#### Your assignment
In the data below, find the line containing "X146618095Y-116567676D01*", then set down that line and every later line up to and including the line containing "X151845238Y-104809819D01*", exactly.

Saved entries:
+++

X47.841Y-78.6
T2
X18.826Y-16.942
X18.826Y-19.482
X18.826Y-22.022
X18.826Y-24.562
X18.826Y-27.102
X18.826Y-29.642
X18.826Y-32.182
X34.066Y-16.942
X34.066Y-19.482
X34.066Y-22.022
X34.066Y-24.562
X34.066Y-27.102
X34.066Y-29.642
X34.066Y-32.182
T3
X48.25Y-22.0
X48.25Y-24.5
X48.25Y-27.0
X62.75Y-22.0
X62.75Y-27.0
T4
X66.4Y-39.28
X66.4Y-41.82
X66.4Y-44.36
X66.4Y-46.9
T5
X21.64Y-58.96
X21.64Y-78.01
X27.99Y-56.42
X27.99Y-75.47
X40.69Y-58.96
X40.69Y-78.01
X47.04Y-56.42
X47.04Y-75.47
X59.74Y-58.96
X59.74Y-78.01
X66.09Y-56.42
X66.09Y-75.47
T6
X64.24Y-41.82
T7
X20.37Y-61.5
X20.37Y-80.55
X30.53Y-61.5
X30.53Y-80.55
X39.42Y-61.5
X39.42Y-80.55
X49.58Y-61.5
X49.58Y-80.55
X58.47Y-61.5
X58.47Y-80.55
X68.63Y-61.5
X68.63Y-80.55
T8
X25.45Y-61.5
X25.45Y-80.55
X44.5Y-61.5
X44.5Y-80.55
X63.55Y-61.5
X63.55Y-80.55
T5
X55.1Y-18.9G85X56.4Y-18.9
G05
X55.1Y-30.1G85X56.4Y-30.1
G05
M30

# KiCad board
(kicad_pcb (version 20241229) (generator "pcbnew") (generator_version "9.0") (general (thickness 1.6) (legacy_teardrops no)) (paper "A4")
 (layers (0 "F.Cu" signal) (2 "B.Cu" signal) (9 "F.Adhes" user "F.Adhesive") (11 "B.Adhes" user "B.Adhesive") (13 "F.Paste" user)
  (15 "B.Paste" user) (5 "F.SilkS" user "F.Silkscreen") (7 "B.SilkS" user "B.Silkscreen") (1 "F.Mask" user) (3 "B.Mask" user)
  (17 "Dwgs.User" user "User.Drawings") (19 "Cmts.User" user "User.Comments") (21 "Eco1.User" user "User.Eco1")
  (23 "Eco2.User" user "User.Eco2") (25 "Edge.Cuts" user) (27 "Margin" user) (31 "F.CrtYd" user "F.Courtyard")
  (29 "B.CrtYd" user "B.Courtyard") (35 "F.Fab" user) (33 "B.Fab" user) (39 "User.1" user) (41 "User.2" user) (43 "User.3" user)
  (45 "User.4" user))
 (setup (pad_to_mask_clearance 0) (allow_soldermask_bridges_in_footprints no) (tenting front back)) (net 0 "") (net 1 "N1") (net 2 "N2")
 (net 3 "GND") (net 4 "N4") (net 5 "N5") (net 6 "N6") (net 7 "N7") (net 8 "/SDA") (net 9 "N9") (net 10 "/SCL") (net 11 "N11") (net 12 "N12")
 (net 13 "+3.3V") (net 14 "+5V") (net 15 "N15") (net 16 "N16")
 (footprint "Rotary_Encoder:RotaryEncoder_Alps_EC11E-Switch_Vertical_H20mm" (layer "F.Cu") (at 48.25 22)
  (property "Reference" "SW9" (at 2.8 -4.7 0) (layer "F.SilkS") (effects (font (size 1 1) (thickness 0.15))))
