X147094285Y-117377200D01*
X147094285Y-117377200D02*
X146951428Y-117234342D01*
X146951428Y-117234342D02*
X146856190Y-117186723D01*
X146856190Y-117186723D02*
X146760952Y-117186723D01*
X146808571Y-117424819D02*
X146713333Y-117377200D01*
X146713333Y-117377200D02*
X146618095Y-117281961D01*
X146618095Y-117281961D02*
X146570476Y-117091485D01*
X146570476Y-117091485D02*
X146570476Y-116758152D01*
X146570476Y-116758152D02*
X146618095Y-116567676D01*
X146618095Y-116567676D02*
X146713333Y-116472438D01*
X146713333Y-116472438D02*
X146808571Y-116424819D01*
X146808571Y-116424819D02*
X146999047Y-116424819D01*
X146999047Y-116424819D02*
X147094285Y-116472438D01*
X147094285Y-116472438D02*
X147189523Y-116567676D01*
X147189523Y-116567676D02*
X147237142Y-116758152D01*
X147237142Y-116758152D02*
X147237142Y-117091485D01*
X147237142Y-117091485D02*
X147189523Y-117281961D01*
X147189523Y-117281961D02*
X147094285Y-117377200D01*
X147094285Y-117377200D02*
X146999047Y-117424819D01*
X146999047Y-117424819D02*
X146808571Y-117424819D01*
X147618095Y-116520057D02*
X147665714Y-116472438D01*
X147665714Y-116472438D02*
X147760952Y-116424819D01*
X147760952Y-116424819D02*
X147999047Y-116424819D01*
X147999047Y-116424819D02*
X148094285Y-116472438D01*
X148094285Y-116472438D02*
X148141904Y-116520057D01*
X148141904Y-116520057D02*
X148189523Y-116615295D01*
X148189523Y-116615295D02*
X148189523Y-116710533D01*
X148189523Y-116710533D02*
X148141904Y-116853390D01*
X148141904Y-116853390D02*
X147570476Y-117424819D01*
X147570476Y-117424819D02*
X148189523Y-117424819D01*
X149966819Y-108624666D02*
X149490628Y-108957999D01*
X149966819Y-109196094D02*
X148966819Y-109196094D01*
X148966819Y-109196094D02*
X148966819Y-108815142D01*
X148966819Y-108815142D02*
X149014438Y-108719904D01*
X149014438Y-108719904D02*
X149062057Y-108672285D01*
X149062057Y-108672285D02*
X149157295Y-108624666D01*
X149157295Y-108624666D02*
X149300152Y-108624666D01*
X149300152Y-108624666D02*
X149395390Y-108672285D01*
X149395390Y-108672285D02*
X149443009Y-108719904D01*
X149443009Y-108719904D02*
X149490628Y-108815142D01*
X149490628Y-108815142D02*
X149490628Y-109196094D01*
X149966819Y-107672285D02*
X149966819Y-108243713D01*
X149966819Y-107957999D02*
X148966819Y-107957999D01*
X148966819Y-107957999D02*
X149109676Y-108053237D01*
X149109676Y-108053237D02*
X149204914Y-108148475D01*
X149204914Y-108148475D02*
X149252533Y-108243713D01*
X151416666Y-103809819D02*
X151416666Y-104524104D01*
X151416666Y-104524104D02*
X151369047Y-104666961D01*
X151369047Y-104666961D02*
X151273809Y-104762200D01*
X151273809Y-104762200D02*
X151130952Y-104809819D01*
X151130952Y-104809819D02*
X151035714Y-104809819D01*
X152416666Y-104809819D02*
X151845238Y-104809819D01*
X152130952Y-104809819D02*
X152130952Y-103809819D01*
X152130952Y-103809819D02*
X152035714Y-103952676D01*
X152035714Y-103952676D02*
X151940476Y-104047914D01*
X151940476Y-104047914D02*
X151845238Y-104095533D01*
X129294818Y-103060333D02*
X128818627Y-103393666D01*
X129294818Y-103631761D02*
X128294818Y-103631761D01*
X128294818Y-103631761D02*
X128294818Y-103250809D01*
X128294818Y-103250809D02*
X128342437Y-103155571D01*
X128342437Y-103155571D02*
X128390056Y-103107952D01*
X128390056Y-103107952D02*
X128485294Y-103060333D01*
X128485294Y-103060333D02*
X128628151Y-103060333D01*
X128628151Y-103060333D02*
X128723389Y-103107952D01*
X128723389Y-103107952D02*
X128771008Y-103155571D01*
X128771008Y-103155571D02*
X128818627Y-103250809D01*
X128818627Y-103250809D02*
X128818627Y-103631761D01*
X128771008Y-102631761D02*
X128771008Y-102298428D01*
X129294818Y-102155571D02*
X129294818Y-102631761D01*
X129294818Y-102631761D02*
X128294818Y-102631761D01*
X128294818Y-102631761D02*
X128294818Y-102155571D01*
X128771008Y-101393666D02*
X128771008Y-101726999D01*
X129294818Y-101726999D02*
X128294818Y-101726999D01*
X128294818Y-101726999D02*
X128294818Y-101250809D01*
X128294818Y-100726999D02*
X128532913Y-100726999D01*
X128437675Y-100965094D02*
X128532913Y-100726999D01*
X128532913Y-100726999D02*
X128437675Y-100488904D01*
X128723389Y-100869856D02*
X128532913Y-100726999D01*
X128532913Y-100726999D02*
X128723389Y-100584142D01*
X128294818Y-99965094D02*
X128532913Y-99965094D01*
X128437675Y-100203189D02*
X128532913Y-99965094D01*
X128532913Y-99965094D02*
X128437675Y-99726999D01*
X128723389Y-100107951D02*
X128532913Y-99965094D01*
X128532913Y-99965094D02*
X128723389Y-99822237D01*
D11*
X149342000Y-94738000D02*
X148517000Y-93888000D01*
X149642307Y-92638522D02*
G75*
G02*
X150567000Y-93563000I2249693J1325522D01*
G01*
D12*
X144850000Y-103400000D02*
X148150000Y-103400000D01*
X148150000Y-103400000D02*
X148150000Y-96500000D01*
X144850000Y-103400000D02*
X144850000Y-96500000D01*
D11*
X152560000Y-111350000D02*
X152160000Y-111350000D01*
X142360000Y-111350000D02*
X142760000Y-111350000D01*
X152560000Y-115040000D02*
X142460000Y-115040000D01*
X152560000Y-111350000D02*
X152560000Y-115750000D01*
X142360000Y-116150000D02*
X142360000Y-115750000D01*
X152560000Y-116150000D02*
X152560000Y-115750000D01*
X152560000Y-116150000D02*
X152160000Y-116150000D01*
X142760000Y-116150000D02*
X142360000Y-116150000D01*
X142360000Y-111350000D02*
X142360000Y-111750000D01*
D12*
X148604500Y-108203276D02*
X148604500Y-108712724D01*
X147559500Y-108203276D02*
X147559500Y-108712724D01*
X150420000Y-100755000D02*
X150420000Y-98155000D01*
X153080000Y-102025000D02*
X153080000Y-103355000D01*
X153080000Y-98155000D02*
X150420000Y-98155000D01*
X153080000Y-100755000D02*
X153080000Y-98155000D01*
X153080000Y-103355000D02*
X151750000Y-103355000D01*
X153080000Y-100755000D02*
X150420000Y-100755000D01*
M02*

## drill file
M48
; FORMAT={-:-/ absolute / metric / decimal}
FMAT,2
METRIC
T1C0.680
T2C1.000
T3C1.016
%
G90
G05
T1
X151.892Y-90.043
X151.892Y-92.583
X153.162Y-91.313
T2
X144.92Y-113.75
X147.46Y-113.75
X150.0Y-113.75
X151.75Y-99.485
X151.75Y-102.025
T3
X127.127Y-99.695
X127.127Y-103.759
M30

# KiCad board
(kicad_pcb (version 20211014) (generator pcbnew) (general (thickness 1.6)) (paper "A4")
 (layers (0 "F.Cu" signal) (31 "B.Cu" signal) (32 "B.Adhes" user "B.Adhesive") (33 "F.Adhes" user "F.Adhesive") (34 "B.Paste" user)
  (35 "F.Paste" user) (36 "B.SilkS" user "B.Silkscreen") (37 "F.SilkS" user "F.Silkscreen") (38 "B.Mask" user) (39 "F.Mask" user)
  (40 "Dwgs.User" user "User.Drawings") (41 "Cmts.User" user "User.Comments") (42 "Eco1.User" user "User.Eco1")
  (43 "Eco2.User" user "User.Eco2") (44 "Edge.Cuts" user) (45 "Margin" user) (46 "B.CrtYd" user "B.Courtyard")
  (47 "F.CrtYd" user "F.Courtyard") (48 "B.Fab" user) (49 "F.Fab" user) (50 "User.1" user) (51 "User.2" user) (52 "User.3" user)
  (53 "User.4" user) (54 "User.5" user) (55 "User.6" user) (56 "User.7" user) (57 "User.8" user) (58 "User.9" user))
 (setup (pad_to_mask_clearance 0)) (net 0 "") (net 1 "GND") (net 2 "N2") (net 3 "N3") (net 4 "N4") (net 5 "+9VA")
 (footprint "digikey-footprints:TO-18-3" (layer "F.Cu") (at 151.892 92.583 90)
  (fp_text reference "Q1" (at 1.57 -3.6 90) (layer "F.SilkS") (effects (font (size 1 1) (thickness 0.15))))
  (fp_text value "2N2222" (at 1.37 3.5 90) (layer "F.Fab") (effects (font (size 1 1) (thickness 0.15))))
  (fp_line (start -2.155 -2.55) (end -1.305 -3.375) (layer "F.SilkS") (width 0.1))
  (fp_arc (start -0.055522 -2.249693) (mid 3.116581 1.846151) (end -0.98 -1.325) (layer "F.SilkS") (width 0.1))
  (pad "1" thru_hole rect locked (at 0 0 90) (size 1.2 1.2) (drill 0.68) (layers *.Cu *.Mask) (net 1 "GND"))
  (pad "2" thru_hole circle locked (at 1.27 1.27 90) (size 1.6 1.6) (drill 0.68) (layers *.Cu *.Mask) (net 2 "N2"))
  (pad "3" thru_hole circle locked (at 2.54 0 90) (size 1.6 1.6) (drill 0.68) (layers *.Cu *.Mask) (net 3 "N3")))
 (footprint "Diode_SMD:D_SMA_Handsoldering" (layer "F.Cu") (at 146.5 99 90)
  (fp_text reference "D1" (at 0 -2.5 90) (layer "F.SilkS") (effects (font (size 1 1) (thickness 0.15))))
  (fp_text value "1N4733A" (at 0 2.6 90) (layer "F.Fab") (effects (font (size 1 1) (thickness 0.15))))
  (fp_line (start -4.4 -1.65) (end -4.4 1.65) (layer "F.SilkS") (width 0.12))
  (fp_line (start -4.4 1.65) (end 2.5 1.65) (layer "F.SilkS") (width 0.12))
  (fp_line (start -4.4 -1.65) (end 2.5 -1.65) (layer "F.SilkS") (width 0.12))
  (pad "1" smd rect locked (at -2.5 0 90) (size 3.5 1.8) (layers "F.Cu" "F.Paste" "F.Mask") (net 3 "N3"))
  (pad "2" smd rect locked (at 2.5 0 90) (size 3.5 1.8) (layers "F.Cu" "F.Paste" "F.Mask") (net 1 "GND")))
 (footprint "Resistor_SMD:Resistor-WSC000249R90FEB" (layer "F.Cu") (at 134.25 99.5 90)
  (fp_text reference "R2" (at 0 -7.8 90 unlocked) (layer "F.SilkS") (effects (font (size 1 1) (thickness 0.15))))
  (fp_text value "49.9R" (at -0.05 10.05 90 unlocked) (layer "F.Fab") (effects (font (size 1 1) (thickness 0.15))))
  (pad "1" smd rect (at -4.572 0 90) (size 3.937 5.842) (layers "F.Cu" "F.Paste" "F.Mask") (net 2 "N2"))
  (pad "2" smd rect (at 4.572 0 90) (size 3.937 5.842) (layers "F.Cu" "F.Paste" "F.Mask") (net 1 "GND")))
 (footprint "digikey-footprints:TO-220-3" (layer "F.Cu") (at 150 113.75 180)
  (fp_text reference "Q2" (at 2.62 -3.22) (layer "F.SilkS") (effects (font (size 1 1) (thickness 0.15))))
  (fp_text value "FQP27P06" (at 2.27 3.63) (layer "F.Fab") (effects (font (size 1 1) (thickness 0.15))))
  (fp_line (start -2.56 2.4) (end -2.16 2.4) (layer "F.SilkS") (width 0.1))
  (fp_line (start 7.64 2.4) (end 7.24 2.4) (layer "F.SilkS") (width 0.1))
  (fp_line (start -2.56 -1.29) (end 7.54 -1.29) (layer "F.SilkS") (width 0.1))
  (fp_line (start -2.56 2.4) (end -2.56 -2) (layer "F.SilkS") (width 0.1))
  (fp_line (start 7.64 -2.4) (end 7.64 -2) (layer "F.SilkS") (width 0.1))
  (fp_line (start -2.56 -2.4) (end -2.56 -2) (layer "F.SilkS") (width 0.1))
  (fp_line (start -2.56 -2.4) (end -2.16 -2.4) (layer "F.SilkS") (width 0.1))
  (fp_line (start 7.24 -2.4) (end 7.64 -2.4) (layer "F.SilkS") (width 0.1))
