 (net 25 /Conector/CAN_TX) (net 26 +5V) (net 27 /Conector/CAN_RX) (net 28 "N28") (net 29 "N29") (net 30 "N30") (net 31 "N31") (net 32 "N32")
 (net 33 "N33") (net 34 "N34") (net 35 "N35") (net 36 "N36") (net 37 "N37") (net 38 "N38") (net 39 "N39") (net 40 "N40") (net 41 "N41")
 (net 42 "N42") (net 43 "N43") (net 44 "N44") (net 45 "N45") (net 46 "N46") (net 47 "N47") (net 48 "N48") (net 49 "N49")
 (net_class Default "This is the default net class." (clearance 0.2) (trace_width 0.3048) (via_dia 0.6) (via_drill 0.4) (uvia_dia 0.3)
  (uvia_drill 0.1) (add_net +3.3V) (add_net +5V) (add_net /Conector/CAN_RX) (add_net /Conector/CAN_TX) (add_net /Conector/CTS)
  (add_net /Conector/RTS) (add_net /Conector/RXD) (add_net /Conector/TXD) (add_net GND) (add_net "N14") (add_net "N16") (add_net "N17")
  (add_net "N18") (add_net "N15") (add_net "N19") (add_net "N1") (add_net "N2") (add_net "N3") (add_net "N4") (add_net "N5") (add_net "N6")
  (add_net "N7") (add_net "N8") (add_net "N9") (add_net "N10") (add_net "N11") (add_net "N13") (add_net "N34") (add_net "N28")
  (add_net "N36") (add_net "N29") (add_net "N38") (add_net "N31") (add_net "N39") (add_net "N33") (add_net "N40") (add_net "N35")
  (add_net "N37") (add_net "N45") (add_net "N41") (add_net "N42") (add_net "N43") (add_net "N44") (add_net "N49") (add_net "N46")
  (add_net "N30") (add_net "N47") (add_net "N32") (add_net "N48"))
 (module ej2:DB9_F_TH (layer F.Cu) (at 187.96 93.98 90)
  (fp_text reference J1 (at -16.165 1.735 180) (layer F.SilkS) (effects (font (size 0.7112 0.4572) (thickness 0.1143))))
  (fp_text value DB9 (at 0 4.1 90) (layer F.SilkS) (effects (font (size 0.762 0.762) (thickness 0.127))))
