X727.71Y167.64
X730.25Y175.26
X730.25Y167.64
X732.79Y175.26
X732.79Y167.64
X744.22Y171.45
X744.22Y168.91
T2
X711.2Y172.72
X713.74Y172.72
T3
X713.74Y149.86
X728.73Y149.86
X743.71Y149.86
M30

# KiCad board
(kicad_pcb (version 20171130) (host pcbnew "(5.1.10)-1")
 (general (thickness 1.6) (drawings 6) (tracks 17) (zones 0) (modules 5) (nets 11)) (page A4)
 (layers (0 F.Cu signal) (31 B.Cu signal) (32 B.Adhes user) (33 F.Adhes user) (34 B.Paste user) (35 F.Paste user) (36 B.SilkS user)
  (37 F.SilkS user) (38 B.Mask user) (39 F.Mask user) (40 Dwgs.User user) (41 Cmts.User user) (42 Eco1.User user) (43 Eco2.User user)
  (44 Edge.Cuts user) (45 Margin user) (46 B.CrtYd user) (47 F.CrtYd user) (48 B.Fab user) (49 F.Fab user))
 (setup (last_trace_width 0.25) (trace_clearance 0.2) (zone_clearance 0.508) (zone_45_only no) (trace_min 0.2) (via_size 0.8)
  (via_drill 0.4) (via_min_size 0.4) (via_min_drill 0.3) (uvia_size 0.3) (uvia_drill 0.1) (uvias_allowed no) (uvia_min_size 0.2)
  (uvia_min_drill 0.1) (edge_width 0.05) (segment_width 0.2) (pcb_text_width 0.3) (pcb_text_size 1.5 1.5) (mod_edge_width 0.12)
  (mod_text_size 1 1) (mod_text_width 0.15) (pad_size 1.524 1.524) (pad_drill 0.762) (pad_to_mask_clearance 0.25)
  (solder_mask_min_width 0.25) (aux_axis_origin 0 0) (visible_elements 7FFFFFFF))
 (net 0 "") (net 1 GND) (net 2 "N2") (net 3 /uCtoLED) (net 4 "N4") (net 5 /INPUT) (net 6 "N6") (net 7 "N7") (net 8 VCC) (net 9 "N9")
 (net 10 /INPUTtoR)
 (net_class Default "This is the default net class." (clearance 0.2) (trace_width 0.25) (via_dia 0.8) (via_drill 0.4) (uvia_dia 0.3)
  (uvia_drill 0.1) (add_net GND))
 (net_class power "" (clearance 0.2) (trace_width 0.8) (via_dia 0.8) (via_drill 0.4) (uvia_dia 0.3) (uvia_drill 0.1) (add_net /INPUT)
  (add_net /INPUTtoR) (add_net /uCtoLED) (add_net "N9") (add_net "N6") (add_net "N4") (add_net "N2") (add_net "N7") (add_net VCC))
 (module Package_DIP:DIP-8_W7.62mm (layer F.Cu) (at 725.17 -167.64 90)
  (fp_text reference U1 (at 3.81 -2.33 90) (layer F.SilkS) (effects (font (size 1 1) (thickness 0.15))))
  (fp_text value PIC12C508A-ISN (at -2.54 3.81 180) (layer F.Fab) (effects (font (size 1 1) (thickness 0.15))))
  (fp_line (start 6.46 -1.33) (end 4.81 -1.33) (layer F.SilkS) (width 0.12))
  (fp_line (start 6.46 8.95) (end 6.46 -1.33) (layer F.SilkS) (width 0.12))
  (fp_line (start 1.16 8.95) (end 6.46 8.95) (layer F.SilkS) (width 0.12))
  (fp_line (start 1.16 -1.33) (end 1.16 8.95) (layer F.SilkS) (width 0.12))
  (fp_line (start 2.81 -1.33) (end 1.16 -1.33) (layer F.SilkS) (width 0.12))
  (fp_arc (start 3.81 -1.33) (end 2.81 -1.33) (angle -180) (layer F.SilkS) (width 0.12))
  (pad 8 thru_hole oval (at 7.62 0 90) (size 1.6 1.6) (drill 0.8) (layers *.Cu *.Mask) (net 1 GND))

+++

#### Task output
X146618095Y-116567676D01*
X146618095Y-116567676D02*
X146713333Y-116472438D01*
X146713333Y-116472438D02*
X146808571Y-116424819D01*
X146808571Y-116424819D02*
X146999047Y-116424819D01*
X146999047Y-116424819D02*
X147094285Y-116472438D01*
X147094285Y-116472438D02*
X147189523Y-116567676D01*
X147189523Y-116567676D02*
X147237142Y-116758152D01*
X147237142Y-116758152D02*
X147237142Y-117091485D01*
X147237142Y-117091485D02*
X147189523Y-117281961D01*
X147189523Y-117281961D02*
X147094285Y-117377200D01*
X147094285Y-117377200D02*
X146999047Y-117424819D01*
X146999047Y-117424819D02*
X146808571Y-117424819D01*
X147618095Y-116520057D02*
X147665714Y-116472438D01*
X147665714Y-116472438D02*
X147760952Y-116424819D01*
X147760952Y-116424819D02*
X147999047Y-116424819D01*
X147999047Y-116424819D02*
X148094285Y-116472438D01*
X148094285Y-116472438D02*
X148141904Y-116520057D01*
X148141904Y-116520057D02*
X148189523Y-116615295D01*
X148189523Y-116615295D02*
X148189523Y-116710533D01*
X148189523Y-116710533D02*
X148141904Y-116853390D01*
X148141904Y-116853390D02*
X147570476Y-117424819D01*
X147570476Y-117424819D02*
X148189523Y-117424819D01*
X149966819Y-108624666D02*
X149490628Y-108957999D01*
X149966819Y-109196094D02*
X148966819Y-109196094D01*
X148966819Y-109196094D02*
X148966819Y-108815142D01*
X148966819Y-108815142D02*
X149014438Y-108719904D01*
X149014438Y-108719904D02*
X149062057Y-108672285D01*
X149062057Y-108672285D02*
X149157295Y-108624666D01*
X149157295Y-108624666D02*
X149300152Y-108624666D01*
X149300152Y-108624666D02*
X149395390Y-108672285D01*
X149395390Y-108672285D02*
X149443009Y-108719904D01*
X149443009Y-108719904D02*
X149490628Y-108815142D01*
X149490628Y-108815142D02*
X149490628Y-109196094D01*
X149966819Y-107672285D02*
X149966819Y-108243713D01*
X149966819Y-107957999D02*
X148966819Y-107957999D01*
X148966819Y-107957999D02*
X149109676Y-108053237D01*
X149109676Y-108053237D02*
X149204914Y-108148475D01*
X149204914Y-108148475D02*
X149252533Y-108243713D01*
X151416666Y-103809819D02*
X151416666Y-104524104D01*
X151416666Y-104524104D02*
X151369047Y-104666961D01*
X151369047Y-104666961D02*
X151273809Y-104762200D01*
X151273809Y-104762200D02*
X151130952Y-104809819D01*
X151130952Y-104809819D02*
X151035714Y-104809819D01*
X152416666Y-104809819D02*
X151845238Y-104809819D01*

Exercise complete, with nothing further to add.